### [Stored items]
□ □ □ □
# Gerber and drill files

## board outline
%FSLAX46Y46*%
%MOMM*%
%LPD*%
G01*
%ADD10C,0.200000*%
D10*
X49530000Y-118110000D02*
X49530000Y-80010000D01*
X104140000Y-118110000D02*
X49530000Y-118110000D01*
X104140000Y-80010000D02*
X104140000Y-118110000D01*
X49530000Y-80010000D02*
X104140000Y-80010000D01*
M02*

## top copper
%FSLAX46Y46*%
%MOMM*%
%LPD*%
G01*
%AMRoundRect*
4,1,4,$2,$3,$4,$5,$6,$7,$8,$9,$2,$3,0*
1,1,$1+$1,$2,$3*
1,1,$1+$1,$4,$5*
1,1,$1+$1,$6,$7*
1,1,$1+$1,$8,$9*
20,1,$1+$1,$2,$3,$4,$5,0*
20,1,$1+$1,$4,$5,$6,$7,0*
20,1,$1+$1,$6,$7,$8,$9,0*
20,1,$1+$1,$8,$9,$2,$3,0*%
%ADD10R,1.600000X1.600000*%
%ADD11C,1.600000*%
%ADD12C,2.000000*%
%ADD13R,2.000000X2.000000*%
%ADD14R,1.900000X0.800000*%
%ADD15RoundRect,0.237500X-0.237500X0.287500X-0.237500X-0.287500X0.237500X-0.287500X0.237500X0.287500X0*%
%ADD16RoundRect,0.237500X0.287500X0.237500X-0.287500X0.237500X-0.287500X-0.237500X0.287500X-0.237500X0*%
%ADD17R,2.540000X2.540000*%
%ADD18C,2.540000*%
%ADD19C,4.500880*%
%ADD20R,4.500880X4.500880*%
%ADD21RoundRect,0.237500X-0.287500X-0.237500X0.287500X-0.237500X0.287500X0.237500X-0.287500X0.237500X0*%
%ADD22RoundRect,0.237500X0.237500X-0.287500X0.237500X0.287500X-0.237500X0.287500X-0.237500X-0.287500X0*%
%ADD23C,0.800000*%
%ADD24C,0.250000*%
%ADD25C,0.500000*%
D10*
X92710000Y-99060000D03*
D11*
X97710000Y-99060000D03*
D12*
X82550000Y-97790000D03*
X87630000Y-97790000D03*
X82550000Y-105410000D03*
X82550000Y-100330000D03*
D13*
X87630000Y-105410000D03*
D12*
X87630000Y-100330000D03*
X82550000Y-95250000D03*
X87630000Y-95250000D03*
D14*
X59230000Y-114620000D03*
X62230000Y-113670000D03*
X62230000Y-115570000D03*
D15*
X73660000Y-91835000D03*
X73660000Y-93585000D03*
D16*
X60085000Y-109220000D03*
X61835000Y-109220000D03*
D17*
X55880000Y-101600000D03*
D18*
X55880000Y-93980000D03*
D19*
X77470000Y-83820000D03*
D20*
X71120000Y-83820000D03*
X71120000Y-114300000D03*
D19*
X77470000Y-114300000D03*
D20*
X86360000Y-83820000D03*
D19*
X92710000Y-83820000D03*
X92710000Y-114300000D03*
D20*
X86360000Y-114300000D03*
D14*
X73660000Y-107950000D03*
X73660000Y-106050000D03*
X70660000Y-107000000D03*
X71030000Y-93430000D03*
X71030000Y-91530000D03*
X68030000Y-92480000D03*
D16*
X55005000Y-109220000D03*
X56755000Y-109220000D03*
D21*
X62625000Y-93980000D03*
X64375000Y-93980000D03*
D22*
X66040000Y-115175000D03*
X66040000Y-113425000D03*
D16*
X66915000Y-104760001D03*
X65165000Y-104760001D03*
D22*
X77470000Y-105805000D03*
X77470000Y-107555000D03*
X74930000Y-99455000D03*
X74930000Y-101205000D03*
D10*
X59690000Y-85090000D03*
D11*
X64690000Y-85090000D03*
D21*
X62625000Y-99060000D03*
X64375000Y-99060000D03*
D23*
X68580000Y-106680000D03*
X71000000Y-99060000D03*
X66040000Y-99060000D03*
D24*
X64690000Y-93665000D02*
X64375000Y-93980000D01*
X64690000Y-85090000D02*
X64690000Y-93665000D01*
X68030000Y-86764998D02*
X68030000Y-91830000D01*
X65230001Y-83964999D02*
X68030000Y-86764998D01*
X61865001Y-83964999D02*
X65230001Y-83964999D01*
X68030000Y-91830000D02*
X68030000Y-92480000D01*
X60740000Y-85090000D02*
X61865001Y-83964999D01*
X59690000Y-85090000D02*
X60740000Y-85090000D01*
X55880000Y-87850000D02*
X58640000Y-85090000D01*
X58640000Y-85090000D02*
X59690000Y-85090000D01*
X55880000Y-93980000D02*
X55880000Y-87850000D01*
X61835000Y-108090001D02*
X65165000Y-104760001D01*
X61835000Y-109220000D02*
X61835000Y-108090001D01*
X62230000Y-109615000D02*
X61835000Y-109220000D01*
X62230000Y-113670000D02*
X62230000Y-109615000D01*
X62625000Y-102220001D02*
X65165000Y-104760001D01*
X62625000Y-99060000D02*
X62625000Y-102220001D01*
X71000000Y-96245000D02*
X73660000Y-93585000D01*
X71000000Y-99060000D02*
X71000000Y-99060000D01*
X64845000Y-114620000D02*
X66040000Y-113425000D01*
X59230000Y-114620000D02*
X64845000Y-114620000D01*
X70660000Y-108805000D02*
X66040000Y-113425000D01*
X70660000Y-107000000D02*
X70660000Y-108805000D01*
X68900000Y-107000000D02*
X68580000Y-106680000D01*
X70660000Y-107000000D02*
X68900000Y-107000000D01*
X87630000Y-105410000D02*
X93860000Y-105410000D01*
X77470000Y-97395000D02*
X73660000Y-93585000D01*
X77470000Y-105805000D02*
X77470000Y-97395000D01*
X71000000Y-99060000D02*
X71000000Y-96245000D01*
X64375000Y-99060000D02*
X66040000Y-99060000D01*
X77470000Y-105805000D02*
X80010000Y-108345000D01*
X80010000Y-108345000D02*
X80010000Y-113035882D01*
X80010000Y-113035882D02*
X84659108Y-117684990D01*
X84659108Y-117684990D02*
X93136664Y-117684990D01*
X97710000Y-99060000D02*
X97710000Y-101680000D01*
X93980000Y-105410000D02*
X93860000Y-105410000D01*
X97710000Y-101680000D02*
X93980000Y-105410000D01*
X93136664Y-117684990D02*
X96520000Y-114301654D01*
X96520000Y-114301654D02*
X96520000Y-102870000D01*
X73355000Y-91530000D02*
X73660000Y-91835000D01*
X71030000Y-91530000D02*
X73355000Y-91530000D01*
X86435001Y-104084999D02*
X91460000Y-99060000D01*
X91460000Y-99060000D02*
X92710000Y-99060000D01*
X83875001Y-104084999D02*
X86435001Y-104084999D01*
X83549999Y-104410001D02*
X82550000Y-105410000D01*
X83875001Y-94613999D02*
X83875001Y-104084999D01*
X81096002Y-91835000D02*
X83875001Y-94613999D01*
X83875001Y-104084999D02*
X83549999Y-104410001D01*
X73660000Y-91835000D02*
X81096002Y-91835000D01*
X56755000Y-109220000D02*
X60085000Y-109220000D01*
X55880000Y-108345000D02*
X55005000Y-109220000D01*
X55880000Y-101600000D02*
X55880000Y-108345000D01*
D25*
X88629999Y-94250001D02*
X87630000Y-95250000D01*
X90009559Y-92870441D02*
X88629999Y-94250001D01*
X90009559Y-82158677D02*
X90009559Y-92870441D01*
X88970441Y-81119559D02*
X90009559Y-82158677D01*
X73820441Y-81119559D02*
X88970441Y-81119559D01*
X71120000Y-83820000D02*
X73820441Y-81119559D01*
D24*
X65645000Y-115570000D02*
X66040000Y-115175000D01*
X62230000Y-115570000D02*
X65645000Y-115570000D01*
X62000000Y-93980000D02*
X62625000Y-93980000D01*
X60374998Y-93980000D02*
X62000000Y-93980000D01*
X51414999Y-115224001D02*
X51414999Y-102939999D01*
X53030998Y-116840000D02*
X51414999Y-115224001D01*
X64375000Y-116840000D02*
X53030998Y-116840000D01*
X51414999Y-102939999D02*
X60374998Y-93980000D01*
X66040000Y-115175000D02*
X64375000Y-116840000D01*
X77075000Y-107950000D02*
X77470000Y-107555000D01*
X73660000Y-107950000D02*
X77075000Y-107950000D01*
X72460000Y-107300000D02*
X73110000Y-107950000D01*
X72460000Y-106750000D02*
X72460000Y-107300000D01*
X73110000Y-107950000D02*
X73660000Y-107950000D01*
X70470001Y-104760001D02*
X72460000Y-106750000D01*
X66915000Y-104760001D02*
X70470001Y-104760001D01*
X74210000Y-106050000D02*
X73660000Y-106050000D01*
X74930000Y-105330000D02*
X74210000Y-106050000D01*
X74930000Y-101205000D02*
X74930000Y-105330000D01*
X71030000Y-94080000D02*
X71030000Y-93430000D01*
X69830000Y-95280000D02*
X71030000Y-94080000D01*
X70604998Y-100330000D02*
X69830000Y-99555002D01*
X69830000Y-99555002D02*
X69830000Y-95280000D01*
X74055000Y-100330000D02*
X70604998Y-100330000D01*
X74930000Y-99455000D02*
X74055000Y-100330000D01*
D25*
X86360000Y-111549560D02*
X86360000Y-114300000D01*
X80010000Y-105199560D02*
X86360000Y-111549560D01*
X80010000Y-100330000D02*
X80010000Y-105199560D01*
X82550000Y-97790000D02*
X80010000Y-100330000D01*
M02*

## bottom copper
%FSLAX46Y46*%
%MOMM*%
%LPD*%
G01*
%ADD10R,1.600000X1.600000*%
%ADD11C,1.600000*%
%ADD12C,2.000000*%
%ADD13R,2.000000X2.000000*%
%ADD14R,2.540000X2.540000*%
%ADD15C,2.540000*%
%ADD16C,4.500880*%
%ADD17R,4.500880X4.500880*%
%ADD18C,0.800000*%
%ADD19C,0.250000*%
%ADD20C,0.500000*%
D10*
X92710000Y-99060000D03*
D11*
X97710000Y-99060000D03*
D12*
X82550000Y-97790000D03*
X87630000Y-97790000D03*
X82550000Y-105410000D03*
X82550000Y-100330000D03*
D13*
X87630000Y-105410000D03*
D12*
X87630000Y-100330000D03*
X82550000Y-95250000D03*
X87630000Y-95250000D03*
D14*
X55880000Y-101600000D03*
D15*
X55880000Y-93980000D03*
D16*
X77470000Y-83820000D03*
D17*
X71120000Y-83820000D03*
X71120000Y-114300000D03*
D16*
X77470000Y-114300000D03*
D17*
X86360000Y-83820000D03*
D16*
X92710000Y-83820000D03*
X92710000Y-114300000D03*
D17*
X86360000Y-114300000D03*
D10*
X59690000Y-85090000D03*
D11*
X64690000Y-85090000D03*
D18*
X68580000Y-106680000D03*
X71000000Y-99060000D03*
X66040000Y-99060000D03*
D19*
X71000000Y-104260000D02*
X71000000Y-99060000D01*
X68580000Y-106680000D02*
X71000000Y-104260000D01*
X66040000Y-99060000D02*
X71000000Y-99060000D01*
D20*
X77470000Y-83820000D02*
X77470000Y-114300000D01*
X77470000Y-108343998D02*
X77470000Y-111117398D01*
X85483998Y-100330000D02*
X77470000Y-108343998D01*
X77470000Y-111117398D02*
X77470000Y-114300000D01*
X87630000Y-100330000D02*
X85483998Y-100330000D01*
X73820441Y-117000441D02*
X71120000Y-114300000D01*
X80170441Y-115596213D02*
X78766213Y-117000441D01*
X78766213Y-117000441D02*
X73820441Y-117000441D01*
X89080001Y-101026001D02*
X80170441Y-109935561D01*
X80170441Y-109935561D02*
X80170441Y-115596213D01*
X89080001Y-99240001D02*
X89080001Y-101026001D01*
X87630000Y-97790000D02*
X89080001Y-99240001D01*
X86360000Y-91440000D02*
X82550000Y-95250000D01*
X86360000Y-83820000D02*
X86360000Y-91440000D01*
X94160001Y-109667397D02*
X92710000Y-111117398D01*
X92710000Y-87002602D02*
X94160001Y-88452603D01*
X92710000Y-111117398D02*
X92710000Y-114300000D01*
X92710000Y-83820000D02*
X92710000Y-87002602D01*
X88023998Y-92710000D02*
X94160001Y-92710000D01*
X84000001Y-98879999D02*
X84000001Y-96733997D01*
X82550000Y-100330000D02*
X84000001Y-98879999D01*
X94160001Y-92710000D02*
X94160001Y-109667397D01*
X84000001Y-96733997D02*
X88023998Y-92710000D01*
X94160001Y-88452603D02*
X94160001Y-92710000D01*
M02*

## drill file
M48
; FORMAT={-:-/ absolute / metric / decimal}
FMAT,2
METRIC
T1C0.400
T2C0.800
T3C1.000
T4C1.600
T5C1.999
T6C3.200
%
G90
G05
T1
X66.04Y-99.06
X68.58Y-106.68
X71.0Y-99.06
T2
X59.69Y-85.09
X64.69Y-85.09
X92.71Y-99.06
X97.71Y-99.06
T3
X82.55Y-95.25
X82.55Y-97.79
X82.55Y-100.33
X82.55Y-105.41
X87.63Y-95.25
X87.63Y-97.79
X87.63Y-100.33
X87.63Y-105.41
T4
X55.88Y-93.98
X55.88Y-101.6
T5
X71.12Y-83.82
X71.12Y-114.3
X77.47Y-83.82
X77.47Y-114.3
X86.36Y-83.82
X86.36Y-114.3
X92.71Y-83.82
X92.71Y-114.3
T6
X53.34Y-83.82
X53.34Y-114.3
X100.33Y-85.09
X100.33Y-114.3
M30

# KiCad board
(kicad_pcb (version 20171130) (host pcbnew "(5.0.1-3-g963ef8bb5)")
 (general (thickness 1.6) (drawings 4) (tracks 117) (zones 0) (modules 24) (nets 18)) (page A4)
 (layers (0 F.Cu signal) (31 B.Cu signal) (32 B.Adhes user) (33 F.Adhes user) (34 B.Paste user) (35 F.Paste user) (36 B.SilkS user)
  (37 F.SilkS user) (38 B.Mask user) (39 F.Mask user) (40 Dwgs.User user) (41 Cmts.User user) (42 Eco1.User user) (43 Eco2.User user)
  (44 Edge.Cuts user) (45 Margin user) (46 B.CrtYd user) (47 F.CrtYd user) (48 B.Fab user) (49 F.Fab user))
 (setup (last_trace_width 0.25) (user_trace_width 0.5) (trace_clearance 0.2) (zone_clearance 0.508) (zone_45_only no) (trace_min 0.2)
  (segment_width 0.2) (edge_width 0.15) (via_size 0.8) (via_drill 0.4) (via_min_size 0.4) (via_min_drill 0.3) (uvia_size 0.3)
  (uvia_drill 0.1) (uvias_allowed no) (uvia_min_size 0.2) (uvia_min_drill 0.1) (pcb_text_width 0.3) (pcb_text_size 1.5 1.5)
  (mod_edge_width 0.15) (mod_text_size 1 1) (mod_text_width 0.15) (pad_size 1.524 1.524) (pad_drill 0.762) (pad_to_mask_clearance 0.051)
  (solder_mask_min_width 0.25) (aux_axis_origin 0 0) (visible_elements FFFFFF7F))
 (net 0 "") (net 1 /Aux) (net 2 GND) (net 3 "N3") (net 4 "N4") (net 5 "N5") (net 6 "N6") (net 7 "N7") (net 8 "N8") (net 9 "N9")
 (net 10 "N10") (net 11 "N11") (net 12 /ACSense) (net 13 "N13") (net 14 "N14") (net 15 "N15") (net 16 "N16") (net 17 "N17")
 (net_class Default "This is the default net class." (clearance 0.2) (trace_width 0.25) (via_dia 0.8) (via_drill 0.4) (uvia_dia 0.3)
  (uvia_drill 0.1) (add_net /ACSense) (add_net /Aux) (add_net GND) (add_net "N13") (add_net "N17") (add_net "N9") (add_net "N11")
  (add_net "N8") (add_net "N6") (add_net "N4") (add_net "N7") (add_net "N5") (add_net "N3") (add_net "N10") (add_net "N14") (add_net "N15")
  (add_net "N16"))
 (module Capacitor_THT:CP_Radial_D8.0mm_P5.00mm (layer F.Cu) (at 92.71 99.06)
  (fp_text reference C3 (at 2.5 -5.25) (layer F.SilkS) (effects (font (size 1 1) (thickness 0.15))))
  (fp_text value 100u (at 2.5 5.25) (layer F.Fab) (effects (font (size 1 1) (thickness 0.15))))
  (pad 1 thru_hole rect (at 0 0) (size 1.6 1.6) (drill 0.8) (layers *.Cu *.Mask) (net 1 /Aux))
  (pad 2 thru_hole circle (at 5 0) (size 1.6 1.6) (drill 0.8) (layers *.Cu *.Mask) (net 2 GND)))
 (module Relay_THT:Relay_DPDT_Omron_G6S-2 (layer F.Cu) (at 87.63 105.41 180)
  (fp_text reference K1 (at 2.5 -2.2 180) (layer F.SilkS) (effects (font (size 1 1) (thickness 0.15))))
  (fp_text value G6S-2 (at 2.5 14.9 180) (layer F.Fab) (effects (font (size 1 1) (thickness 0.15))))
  (pad 7 thru_hole circle (at 5.08 7.62 90) (size 2 2) (drill 1) (layers *.Cu *.Mask) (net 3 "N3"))
  (pad 4 thru_hole circle (at 0 7.62 90) (size 2 2) (drill 1) (layers *.Cu *.Mask) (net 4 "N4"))
  (pad 10 thru_hole circle (at 5.08 0 180) (size 2 2) (drill 1) (layers *.Cu *.Mask) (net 1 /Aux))
  (pad 8 thru_hole circle (at 5.08 5.08 180) (size 2 2) (drill 1) (layers *.Cu *.Mask) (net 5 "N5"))
  (pad 1 thru_hole rect (at 0 0 180) (size 2 2) (drill 1) (layers *.Cu *.Mask) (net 2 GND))
  (pad 3 thru_hole circle (at 0 5.08 180) (size 2 2) (drill 1) (layers *.Cu *.Mask) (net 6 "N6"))
  (pad 6 thru_hole circle (at 5.08 10.16 180) (size 2 2) (drill 1) (layers *.Cu *.Mask) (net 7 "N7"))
□ □ □ □
### [HOW TO COMPLETE THIS TASK]
Among the entries above, locate the lines containing "X55880000Y-108345000D01*" and "X51414999Y-115224001D01*", and transcribe exactly those two lines and all lines between.

### [REPLY]
X55880000Y-108345000D01*
D25*
X88629999Y-94250001D02*
X87630000Y-95250000D01*
X90009559Y-92870441D02*
X88629999Y-94250001D01*
X90009559Y-82158677D02*
X90009559Y-92870441D01*
X88970441Y-81119559D02*
X90009559Y-82158677D01*
X73820441Y-81119559D02*
X88970441Y-81119559D01*
X71120000Y-83820000D02*
X73820441Y-81119559D01*
D24*
X65645000Y-115570000D02*
X66040000Y-115175000D01*
X62230000Y-115570000D02*
X65645000Y-115570000D01*
X62000000Y-93980000D02*
X62625000Y-93980000D01*
X60374998Y-93980000D02*
X62000000Y-93980000D01*
X51414999Y-115224001D02*
X51414999Y-102939999D01*
X53030998Y-116840000D02*
X51414999Y-115224001D01*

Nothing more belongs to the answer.